Ramblings of an Idiot - Mental Health - Editorial

Ramblings of an Idiot - Mental Health - Editorial

Police officers across the United States are told that police suicide, and PTSD is the most dangerous mental health condition that is out there. The impacts of PTSD and suicide are great to the individuals directly involved and destroy lives, but there are many more mental health conditions that cause clinical impact on an officers life and wellbeing. As a profession we need to address, Social Anxiety, Anxiety, Depression, and Substance abuse as well and many others. The DSM is close to 800+ Pages of diagnostic/relevant clinical illness that are mental health impactful. During National Police Week week need to focus on every officer. As thought leaders, law enforcement and mental health professionals are we neglecting the rest of the officers/families.

I am actively conducting research into Law Enforcement Wellness, and I have found one agency that officers EAP for spouses of police officers as well as the officer themselves. This is a unique program that should be evaluated, as it is a great thing.


We as both law enforcement professionals and mental health professionals, should start to address all mental health concerns. Looking into viable options to keep others safe within their own minds and families. Mental health spills over and impacts work, home, family and friends.

Across the landscape of the United States it seems people (mental health professionals working with law enforcement), are more concerned with keeping their fiefdom, kingdom or span of influence or control. To demonstrate that "they" alone are the experts in mental health. This includes policy groups PERF/IACP/NSA/Police Foundation/COPS Office as well as practices, and individual providers. If we purely look at the different theories of therapy, and thought schools related to treatment there is no one singular approach that works, otherwise there would be only one approach. This is and will always be a work in progress, as what is old is new age, and new things come out. Thing about the evaluation of EMDR, and ART Therapies, the success of Ketamine assistant approaches, and implications towards all victims of trauma not just law enforcement. Personally, and professionally I am looking forward toward more research of the use of ketamine and other psychedelic treatments.

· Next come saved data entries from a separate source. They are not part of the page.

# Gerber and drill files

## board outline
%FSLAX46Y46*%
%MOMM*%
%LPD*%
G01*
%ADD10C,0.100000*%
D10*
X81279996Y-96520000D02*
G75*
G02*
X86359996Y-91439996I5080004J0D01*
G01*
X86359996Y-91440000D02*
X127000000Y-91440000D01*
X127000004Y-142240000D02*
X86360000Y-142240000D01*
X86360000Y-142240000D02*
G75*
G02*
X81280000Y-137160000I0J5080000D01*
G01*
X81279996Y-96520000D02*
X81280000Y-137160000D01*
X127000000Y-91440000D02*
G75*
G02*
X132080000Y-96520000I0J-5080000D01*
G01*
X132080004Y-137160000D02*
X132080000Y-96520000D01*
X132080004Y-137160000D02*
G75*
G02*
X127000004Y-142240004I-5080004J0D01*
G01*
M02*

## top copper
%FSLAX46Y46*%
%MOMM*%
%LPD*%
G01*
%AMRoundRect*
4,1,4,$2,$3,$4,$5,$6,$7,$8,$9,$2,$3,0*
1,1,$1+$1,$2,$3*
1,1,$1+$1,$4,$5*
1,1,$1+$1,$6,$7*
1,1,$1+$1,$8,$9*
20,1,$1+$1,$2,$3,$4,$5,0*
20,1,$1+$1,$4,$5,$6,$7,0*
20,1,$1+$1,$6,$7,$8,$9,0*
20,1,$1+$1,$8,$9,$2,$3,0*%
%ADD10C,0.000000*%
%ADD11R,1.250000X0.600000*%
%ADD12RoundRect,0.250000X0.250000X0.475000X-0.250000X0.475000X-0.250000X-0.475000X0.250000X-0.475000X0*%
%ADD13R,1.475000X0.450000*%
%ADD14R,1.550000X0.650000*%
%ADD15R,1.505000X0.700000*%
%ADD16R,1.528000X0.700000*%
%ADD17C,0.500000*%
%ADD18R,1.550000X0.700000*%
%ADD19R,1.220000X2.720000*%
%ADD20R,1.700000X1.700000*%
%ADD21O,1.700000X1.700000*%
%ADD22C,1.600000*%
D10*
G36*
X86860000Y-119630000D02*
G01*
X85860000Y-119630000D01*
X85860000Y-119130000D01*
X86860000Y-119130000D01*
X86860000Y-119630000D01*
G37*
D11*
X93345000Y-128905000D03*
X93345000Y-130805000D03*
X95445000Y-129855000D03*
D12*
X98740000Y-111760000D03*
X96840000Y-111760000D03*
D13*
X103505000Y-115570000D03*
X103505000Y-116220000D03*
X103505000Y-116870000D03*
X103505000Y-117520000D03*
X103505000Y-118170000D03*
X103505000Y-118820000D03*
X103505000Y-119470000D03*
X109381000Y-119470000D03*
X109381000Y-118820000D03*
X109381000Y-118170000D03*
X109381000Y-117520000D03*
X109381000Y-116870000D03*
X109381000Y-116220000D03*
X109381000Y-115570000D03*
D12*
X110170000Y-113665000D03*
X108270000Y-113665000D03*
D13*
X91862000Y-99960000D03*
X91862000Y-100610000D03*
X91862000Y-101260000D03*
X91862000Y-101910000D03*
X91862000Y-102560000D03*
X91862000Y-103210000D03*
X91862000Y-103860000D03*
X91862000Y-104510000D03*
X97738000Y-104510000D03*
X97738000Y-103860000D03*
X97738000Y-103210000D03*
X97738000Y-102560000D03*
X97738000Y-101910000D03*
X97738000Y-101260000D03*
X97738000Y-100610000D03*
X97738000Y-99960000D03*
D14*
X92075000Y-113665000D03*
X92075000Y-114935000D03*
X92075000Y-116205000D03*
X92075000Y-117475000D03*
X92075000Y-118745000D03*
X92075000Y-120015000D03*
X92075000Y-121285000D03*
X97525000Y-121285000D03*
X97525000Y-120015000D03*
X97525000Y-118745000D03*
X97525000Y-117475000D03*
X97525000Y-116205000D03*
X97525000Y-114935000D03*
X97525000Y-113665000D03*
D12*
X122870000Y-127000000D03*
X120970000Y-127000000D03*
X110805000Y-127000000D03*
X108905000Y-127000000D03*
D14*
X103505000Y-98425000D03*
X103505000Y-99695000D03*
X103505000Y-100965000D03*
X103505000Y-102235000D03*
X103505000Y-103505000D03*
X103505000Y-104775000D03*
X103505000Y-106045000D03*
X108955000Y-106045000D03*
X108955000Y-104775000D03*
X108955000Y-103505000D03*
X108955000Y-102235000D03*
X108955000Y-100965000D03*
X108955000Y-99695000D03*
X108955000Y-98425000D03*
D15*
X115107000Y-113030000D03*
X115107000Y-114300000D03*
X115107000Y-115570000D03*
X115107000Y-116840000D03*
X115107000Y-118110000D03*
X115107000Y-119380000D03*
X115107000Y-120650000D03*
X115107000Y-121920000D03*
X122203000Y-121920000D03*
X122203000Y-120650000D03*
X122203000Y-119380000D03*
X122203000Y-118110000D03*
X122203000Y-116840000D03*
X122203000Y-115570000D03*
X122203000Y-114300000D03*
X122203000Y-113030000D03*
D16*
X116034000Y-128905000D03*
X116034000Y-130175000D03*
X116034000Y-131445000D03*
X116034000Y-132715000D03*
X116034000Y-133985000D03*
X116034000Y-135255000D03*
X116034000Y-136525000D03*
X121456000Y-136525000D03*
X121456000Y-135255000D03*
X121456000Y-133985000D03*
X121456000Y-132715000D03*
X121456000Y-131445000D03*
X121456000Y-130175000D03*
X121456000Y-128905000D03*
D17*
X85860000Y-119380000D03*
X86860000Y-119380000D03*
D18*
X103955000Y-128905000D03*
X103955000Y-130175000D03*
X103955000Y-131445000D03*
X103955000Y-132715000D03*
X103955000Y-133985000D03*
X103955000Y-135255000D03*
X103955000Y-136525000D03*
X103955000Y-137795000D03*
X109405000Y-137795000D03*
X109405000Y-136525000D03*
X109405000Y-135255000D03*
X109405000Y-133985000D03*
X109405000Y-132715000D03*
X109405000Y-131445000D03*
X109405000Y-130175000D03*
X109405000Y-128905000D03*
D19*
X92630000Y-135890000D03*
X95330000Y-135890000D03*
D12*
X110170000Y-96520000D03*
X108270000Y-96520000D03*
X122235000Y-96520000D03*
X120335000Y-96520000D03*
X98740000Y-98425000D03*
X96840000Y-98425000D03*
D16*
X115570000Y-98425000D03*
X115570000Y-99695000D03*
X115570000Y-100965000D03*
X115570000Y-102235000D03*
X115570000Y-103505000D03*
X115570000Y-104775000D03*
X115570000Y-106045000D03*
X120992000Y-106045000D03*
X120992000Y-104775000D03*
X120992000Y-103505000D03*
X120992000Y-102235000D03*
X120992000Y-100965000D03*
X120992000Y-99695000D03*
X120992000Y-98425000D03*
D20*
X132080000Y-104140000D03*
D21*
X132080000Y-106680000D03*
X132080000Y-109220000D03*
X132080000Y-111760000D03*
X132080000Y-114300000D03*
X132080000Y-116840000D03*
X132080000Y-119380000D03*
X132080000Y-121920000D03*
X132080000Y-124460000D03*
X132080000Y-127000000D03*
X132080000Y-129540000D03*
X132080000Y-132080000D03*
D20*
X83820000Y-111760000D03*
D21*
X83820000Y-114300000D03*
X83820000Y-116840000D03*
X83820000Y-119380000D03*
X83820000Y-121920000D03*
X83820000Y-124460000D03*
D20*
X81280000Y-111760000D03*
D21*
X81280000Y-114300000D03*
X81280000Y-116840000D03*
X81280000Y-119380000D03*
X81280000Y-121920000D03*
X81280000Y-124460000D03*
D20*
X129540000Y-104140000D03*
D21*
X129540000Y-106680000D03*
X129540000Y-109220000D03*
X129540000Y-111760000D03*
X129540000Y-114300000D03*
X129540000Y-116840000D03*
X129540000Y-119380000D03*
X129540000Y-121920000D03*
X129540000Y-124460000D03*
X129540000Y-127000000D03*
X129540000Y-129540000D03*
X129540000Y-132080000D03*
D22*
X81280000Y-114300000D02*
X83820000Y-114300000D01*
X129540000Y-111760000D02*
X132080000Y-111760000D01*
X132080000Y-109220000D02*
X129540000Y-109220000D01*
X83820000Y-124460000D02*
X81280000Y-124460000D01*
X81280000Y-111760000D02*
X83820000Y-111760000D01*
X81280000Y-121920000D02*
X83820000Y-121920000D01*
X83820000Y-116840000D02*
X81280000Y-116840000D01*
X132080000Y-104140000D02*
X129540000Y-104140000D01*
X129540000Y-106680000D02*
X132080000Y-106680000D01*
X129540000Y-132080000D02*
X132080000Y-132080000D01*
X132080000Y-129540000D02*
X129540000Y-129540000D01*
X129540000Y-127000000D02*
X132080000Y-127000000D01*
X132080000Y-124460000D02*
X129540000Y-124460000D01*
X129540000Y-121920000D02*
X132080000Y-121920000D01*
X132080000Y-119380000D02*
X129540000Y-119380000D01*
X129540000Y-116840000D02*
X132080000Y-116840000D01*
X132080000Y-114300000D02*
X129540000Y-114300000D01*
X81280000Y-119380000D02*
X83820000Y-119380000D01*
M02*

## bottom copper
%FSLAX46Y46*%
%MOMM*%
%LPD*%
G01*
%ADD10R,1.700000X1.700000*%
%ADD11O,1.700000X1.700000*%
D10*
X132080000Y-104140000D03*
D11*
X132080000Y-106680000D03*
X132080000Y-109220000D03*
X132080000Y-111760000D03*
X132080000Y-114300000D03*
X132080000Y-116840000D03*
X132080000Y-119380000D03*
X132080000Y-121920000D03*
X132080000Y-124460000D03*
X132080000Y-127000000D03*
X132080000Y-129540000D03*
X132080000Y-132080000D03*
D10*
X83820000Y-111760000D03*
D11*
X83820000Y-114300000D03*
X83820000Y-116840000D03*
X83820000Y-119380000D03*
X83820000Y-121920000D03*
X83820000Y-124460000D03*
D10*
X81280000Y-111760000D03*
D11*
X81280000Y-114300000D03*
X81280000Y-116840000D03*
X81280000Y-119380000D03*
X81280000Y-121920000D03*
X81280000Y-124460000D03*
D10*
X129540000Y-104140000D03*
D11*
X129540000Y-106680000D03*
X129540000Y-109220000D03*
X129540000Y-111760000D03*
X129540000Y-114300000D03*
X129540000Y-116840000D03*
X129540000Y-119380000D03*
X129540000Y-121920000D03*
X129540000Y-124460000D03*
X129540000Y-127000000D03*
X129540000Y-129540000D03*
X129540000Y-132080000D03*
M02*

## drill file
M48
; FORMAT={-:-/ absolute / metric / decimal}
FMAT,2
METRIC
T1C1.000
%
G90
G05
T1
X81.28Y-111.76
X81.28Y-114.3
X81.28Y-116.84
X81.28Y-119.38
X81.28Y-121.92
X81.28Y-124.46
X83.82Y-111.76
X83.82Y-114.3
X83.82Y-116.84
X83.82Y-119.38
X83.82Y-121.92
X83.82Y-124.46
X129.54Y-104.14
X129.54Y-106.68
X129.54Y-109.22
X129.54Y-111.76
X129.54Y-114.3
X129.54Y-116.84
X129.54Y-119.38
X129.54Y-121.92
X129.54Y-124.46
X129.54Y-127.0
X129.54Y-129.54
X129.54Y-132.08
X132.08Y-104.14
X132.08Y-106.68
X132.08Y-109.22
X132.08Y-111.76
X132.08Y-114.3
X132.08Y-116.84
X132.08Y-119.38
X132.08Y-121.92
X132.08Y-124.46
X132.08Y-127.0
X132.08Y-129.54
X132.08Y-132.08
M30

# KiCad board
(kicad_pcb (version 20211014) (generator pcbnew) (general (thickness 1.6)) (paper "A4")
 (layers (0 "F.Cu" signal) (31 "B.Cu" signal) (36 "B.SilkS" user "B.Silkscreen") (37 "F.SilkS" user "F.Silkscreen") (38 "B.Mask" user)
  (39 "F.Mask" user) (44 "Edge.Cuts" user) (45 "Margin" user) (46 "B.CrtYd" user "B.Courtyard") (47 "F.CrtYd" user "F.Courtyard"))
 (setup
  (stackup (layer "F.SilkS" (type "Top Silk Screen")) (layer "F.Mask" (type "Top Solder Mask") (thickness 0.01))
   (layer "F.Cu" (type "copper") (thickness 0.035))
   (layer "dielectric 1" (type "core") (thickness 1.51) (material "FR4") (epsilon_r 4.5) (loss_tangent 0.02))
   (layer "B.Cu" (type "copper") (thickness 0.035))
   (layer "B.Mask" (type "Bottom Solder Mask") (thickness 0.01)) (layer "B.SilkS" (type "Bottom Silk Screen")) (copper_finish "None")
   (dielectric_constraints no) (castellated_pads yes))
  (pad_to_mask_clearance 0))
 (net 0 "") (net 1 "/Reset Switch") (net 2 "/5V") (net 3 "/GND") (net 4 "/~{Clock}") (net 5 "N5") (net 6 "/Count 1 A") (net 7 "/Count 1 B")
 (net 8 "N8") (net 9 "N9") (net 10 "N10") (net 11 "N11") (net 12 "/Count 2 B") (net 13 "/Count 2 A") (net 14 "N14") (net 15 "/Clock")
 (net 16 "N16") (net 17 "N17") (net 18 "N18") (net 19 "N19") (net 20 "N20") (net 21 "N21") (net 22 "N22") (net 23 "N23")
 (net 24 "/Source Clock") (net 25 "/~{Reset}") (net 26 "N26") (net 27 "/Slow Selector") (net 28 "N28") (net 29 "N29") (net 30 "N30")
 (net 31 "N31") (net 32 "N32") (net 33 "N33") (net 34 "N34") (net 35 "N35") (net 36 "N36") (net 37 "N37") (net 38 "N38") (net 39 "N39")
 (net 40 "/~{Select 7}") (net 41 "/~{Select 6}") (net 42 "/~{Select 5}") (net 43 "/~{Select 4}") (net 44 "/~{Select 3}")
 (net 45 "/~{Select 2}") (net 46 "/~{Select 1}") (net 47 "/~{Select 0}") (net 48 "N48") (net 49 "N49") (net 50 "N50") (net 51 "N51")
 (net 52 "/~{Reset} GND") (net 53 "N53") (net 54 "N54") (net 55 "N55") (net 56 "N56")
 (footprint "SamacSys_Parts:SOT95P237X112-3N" (layer "F.Cu") (at 94.395 129.855)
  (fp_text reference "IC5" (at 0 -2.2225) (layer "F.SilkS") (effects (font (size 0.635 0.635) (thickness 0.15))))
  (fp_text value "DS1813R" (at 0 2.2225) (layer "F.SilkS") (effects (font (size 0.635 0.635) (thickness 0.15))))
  (pad "1" smd rect locked (at -1.05 -0.95 90) (size 0.6 1.25) (layers "F.Cu" "F.Paste" "F.Mask") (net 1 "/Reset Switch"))
  (pad "2" smd rect locked (at -1.05 0.95 90) (size 0.6 1.25) (layers "F.Cu" "F.Paste" "F.Mask") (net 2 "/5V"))
  (pad "3" smd rect locked (at 1.05 0 90) (size 0.6 1.25) (layers "F.Cu" "F.Paste" "F.Mask") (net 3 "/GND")))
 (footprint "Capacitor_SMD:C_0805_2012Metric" (layer "F.Cu") (at 97.79 111.76 180)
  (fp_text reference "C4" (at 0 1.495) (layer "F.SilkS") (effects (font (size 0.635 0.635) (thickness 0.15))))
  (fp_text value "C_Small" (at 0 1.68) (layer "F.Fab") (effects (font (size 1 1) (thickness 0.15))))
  (pad "1" smd roundrect (at -0.95 0 180) (size 1 1.45) (layers "F.Cu" "F.Paste" "F.Mask") (roundrect_rratio 0.25) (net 3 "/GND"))
  (pad "2" smd roundrect (at 0.95 0 180) (size 1 1.45) (layers "F.Cu" "F.Paste" "F.Mask") (roundrect_rratio 0.25) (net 2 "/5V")))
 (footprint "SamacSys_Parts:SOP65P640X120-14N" (layer "F.Cu") (at 106.443 117.52)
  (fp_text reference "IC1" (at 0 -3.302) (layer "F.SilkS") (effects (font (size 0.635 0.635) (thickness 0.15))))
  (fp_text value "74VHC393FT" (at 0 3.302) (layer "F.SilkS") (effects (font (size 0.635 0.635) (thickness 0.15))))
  (pad "1" smd rect (at -2.938 -1.95 90) (size 0.45 1.475) (layers "F.Cu" "F.Paste" "F.Mask") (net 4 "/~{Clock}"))
  (pad "2" smd rect (at -2.938 -1.3 90) (size 0.45 1.475) (layers "F.Cu" "F.Paste" "F.Mask") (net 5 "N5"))
  (pad "3" smd rect (at -2.938 -0.65 90) (size 0.45 1.475) (layers "F.Cu" "F.Paste" "F.Mask") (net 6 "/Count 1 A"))
  (pad "4" smd rect (at -2.938 0 90) (size 0.45 1.475) (layers "F.Cu" "F.Paste" "F.Mask") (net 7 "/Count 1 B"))
  (pad "5" smd rect (at -2.938 0.65 90) (size 0.45 1.475) (layers "F.Cu" "F.Paste" "F.Mask") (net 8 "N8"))
  (pad "6" smd rect (at -2.938 1.3 90) (size 0.45 1.475) (layers "F.Cu" "F.Paste" "F.Mask") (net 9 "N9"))
  (pad "7" smd rect (at -2.938 1.95 90) (size 0.45 1.475) (layers "F.Cu" "F.Paste" "F.Mask") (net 3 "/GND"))
  (pad "8" smd rect (at 2.938 1.95 90) (size 0.45 1.475) (layers "F.Cu" "F.Paste" "F.Mask") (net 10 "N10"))
  (pad "9" smd rect (at 2.938 1.3 90) (size 0.45 1.475) (layers "F.Cu" "F.Paste" "F.Mask") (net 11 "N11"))
  (pad "10" smd rect (at 2.938 0.65 90) (size 0.45 1.475) (layers "F.Cu" "F.Paste" "F.Mask") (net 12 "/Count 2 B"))
  (pad "11" smd rect (at 2.938 0 90) (size 0.45 1.475) (layers "F.Cu" "F.Paste" "F.Mask") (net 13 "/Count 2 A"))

I contend and believe that more therapeutic benefits to help law enforcement retired and actives are sharing with officers what mental health truly looks like, how to appropriate/reasonably select a mental health professional, look at realistic clinical outcomes, and creating a therapeutic alliance to address mental health concerns.

SOOOOO......what is the real message that needs to be shared. The real message is address stress, addressing and understanding the "common" mental health conditions that are out there in society. As we know as professionals, most officers get some psychological screening before entering the field, so there is some modicum of insurance to demonstrate that officers are not entering the field have a disease or defect that is impacting their overall mental health prior to the start of their career. These would include serious and persistent mental health conditions, or those that align with a personality disorder.

What are the next steps? Well I am glad that you asked, the next steps are to address normalizing mental health in the profession. Normalizing the information that officers have the same "normal" present mental health conditions as the rest of society, which is also ok. It shows that officers are no different than anyone else.

To discuss that when stress increases so generally does anxiety. Anxiety is both a feeling, and avoidance of actions, activities or behaviors. Anxiety may not present itself in running toward danger, but in the benign activities of life. A doctors appointment, a child running late, a supervisor calling over the radio to speak with you, the recruit who was just told they made a mistake on a traffic stop, who is in fear of losing their job. Because as we know all officers are taught during the first year of work, you can lose your job for anything. Officers think the smallest career progressive developmental mistake is a career end, Earth shattering event. There is a reason that officers go to "rookie or recruit" school, then spend a period of time on FTO. It is because there is a growth and learning period. FTO's should be taught, trained to recognize signs of anxiety in recruits, as well as those in charge of training.

But I am allowing my rambling to go on, and that is not the purpose. We need to start working together, and not pushing at each other to help officers. In case, I have any of my Minnesota based colleagues think this is specifically aimed at them, they would be wrong. This is a global/United State policing level view.